Top of Excerpted data

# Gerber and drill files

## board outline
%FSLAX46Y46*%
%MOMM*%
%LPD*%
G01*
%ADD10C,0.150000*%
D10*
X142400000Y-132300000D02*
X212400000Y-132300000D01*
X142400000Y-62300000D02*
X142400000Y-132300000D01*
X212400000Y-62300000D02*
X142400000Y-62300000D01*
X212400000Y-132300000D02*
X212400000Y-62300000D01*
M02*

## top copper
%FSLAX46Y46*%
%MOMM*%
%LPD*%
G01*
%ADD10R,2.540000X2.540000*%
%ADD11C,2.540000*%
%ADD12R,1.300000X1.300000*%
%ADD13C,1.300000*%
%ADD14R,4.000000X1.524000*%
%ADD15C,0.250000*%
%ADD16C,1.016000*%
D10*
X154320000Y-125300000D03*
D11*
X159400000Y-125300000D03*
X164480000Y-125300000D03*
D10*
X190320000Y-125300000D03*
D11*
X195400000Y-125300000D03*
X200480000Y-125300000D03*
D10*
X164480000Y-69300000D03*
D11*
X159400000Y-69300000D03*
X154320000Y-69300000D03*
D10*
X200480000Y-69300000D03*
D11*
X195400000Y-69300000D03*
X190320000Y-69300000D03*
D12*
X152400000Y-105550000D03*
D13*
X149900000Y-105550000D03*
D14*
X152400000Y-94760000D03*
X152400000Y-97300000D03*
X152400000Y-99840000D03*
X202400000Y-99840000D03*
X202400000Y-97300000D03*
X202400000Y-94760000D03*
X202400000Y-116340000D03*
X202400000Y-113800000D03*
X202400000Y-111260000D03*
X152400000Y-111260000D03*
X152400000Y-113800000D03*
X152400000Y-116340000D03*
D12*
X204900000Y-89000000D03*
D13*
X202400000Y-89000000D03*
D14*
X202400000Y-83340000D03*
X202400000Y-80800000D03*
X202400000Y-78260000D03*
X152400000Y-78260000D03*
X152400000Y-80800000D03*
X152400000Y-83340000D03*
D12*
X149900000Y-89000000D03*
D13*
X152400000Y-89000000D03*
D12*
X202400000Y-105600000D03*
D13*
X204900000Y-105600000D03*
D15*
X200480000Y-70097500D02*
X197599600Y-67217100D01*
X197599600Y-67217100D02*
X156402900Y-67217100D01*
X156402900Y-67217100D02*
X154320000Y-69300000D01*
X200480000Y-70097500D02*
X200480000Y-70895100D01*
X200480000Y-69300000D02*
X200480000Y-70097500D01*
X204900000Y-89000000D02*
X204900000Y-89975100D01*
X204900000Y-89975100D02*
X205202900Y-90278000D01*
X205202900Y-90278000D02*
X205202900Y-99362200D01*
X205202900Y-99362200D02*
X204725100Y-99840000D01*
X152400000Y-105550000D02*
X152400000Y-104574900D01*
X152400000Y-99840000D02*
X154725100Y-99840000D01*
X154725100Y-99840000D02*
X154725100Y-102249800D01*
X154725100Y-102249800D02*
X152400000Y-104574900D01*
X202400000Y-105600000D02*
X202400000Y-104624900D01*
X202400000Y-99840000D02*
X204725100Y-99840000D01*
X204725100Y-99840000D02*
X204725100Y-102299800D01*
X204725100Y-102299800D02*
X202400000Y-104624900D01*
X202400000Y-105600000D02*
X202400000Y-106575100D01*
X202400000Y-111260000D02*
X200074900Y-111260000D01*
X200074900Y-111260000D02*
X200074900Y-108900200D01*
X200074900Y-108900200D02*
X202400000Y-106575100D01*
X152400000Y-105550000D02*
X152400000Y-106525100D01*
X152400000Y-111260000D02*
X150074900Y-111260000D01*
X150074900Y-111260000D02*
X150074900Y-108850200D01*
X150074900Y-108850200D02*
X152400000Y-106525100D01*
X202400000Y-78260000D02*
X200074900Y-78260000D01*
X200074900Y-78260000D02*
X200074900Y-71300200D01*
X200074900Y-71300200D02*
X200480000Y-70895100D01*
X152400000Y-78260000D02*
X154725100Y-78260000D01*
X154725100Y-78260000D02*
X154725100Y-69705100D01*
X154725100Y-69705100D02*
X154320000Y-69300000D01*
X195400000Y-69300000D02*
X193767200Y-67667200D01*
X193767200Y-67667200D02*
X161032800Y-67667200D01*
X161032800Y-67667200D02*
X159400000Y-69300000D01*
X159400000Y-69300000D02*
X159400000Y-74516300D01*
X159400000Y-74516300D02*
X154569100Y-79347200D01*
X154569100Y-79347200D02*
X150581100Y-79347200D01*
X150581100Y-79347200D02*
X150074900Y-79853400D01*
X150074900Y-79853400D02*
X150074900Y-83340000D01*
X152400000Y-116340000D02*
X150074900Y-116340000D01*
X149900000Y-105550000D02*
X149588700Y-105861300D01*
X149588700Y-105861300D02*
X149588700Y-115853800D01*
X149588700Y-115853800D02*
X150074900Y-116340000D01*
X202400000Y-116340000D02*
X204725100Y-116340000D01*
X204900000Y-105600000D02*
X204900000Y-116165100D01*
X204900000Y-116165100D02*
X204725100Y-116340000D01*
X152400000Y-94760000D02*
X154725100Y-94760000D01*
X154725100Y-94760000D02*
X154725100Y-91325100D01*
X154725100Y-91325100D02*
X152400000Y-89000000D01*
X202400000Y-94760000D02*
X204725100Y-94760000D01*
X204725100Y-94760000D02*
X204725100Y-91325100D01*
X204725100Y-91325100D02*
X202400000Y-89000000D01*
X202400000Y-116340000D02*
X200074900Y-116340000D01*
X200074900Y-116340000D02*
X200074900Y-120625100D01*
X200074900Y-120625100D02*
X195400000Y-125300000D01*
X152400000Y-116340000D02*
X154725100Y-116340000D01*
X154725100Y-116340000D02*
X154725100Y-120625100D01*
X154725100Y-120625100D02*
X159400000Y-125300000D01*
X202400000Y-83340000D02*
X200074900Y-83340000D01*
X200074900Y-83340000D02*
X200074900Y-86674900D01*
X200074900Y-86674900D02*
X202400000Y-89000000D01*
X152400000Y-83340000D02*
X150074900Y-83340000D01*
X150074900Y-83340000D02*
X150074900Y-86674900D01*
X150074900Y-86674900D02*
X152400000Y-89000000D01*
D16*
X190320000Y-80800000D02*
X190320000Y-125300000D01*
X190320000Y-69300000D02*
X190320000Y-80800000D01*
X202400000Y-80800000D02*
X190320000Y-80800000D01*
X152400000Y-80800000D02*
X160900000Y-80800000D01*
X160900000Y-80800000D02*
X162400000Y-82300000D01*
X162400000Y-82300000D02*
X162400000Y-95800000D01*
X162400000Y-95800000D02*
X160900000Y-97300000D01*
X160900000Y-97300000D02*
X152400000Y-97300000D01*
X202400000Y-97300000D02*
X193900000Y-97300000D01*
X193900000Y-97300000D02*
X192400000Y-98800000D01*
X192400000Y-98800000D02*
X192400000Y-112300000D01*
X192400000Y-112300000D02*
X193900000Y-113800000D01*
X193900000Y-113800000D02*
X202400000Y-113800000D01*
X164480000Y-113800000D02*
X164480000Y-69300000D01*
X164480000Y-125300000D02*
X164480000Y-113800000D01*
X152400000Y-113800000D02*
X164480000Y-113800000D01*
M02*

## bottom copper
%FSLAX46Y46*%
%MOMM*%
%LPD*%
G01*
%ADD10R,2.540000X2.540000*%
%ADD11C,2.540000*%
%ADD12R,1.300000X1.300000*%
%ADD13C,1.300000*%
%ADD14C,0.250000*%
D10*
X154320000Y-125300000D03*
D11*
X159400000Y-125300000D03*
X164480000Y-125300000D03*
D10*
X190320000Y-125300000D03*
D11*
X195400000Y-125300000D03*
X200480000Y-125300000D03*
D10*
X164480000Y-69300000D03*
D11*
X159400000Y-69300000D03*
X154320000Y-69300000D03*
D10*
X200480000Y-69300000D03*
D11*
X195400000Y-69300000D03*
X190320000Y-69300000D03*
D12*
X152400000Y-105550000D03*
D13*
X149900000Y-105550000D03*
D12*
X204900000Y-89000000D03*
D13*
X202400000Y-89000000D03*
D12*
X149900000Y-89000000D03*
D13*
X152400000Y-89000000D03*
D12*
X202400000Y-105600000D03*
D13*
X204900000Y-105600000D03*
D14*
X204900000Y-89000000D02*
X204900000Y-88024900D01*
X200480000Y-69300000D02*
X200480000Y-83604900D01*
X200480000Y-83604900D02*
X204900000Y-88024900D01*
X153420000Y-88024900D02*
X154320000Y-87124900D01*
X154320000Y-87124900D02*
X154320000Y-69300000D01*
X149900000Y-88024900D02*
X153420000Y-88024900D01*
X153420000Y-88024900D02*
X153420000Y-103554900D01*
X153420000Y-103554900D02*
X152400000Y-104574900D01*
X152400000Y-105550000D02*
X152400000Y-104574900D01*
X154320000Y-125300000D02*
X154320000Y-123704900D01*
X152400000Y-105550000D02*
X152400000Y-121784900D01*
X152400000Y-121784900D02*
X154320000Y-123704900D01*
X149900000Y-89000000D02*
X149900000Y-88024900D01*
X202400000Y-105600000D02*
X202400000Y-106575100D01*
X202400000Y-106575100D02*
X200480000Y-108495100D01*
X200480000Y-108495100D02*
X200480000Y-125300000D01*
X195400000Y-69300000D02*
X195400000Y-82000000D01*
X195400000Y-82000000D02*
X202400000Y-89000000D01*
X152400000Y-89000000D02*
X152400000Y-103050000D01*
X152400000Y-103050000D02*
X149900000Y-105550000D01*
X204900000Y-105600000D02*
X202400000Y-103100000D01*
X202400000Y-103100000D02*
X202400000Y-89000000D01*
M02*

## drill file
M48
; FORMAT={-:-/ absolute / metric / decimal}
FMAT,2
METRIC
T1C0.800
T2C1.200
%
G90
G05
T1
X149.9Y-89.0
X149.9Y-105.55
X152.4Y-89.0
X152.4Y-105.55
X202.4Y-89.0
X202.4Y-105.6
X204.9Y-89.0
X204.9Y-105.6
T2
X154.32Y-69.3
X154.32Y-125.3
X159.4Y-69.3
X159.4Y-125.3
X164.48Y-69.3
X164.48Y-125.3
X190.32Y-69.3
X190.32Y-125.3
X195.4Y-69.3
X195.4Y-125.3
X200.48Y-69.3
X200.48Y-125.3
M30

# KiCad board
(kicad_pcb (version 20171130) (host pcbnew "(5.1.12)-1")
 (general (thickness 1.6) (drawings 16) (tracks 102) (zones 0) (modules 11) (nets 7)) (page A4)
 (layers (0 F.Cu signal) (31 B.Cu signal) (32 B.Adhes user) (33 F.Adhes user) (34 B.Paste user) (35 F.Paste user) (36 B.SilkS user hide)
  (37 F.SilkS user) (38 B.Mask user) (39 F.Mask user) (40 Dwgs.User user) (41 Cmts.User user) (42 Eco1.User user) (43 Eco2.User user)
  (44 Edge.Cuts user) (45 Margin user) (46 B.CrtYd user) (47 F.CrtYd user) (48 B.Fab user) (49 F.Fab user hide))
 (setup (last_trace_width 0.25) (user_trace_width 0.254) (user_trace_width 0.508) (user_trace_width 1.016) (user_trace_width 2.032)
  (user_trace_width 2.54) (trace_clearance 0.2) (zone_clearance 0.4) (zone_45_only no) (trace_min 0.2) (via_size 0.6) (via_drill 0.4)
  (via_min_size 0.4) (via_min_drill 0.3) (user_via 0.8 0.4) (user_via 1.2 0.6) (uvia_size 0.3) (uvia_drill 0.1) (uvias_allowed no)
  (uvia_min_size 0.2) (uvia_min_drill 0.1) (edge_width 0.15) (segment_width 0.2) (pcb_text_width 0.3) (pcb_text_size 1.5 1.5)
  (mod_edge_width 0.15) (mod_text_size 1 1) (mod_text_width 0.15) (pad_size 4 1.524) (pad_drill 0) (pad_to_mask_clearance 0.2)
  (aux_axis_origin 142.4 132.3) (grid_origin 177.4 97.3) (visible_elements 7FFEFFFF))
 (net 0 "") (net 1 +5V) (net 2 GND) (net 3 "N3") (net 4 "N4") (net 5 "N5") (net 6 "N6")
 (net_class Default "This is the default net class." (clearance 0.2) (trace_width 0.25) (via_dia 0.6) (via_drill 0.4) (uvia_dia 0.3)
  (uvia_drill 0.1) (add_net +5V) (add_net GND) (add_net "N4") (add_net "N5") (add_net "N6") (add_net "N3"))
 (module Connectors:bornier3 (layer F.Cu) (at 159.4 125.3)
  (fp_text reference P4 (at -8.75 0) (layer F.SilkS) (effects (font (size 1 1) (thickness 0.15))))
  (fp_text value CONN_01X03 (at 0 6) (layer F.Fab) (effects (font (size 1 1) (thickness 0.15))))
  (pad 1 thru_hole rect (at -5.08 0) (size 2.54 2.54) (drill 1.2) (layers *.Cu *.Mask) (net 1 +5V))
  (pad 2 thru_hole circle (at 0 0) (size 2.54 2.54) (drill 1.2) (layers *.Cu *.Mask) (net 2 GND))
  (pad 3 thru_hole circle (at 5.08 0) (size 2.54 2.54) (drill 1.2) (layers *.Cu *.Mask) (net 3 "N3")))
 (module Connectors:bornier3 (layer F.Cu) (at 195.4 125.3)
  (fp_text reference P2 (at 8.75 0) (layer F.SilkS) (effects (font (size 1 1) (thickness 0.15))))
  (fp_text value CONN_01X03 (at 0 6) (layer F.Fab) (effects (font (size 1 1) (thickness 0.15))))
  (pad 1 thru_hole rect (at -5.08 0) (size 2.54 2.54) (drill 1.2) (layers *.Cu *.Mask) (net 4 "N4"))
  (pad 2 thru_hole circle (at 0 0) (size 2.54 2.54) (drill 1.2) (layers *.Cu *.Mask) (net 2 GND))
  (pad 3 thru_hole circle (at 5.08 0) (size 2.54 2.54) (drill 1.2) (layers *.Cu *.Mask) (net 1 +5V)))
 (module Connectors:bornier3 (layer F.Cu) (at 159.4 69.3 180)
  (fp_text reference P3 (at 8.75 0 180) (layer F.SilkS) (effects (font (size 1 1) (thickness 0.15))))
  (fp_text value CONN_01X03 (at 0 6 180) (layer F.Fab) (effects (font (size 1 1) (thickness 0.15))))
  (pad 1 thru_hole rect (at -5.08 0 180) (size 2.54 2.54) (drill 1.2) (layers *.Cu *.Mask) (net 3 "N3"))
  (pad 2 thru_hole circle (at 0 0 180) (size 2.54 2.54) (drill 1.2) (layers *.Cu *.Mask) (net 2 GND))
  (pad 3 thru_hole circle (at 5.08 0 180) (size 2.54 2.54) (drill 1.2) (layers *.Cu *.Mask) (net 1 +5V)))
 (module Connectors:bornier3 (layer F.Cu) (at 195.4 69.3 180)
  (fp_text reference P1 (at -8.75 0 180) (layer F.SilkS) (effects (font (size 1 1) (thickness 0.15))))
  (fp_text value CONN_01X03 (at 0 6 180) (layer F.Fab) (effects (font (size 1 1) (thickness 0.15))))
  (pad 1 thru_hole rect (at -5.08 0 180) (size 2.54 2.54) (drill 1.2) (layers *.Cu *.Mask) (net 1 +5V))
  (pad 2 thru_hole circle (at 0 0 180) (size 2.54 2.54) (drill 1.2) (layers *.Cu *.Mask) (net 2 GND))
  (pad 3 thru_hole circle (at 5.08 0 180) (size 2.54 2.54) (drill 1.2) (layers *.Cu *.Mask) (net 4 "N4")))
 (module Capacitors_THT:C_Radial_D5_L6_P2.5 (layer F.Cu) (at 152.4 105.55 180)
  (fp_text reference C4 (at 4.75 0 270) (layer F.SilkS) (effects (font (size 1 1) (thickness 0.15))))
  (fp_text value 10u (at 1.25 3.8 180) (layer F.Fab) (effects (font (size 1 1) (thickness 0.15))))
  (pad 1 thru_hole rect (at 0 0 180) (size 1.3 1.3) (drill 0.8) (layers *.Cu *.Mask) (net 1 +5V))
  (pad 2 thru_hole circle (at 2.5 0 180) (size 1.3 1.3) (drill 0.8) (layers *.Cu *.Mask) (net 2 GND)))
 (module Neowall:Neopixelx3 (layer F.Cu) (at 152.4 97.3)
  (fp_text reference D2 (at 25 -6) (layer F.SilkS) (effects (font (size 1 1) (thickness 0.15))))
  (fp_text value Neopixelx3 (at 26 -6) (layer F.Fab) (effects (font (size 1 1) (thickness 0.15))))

Bottom of Excerpted data
Top of Excerpted data

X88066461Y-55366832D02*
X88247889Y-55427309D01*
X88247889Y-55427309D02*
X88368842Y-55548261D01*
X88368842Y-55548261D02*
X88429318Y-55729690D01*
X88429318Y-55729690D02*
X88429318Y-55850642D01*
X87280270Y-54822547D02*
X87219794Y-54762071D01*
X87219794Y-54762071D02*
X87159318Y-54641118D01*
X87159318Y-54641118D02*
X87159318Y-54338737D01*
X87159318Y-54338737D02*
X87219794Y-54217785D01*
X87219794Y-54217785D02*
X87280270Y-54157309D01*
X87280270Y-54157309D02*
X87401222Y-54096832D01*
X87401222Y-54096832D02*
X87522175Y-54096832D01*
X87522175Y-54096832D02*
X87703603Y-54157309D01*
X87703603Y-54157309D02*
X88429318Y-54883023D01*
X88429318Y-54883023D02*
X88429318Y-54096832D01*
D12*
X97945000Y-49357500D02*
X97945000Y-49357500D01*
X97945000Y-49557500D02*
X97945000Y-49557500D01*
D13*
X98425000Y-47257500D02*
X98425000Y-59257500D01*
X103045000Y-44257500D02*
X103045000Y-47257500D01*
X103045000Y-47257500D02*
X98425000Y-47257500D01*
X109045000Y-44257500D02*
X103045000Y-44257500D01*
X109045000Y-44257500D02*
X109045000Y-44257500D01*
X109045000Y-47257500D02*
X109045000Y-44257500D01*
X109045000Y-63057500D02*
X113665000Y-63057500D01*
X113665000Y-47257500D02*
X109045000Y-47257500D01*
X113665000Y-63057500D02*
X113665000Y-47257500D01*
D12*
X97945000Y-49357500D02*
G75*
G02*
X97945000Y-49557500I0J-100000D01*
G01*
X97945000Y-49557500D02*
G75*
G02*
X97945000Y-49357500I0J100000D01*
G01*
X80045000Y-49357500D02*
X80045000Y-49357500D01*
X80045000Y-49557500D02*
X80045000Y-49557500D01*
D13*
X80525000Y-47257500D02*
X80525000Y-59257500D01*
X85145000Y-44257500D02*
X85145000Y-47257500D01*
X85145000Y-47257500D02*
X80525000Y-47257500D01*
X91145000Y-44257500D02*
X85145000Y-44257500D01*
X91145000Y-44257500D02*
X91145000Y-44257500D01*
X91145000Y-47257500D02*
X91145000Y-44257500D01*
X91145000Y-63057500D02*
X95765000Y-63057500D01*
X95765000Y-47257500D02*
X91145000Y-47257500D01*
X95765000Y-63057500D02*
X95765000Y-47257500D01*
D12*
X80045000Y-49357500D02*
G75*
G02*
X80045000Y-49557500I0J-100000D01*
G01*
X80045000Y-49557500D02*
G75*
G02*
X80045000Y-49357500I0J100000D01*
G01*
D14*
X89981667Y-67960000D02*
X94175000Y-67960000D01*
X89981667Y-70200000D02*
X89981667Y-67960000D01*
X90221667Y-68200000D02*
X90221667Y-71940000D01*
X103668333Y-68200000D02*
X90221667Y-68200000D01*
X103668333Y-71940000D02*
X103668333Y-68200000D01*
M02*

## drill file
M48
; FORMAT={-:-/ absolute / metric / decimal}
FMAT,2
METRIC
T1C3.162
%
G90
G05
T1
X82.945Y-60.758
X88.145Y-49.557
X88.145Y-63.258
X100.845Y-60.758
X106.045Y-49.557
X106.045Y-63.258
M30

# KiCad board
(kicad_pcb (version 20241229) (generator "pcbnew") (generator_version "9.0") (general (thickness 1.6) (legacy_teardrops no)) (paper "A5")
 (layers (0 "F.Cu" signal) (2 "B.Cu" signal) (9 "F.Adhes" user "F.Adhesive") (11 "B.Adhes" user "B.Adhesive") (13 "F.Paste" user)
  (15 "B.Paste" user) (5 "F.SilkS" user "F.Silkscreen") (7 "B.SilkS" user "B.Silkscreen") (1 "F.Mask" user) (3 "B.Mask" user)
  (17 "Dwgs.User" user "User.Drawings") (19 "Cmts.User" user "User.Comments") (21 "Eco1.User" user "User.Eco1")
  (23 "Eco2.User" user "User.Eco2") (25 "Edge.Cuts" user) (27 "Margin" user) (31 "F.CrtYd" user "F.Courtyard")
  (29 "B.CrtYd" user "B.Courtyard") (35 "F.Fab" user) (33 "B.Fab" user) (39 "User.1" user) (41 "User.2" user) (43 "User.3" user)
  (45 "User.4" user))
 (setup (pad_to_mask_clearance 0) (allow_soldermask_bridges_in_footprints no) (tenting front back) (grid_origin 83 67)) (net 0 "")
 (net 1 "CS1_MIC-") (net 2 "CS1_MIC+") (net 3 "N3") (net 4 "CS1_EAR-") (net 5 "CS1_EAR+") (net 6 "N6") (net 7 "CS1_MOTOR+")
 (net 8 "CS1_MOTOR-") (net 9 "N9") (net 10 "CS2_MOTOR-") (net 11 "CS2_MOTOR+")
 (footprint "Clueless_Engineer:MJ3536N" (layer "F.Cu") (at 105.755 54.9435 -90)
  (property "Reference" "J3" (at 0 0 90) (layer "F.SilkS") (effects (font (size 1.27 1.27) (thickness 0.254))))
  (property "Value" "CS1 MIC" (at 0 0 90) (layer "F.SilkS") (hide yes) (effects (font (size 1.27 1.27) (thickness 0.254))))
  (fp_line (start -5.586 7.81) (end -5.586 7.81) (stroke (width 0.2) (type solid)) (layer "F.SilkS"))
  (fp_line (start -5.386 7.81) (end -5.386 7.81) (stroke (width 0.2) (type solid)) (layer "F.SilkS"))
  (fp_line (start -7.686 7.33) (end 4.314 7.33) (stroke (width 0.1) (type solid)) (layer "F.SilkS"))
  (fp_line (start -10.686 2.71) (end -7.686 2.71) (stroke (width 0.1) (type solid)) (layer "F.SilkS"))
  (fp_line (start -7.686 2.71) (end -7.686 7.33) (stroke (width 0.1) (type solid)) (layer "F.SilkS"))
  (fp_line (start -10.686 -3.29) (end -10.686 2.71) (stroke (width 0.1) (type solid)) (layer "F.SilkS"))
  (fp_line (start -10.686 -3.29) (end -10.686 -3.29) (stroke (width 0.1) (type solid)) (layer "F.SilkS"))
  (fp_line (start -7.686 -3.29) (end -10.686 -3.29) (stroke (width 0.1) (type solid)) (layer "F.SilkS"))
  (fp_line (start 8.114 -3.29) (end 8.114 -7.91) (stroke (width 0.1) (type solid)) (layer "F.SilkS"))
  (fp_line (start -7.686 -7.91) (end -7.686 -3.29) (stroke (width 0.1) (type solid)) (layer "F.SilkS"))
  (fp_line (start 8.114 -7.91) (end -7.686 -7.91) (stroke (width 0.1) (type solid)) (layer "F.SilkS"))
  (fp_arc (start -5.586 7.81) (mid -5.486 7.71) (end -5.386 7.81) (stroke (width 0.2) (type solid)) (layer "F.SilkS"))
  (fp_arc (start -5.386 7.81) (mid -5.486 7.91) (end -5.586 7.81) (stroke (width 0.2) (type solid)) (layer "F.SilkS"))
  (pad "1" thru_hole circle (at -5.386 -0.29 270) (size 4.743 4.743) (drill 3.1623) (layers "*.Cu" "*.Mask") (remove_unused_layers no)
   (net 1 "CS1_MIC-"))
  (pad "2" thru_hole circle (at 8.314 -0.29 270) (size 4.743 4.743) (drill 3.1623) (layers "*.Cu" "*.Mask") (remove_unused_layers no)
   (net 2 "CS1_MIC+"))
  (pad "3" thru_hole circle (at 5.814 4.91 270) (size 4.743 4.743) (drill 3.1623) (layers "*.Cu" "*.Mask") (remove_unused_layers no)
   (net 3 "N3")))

Bottom of Excerpted data

**Required action**
In the entries above, find each line with "Courtyard" and list it.

**Your response**
  (23 "Eco2.User" user "User.Eco2") (25 "Edge.Cuts" user) (27 "Margin" user) (31 "F.CrtYd" user "F.Courtyard")
  (29 "B.CrtYd" user "B.Courtyard") (35 "F.Fab" user) (33 "B.Fab" user) (39 "User.1" user) (41 "User.2" user) (43 "User.3" user)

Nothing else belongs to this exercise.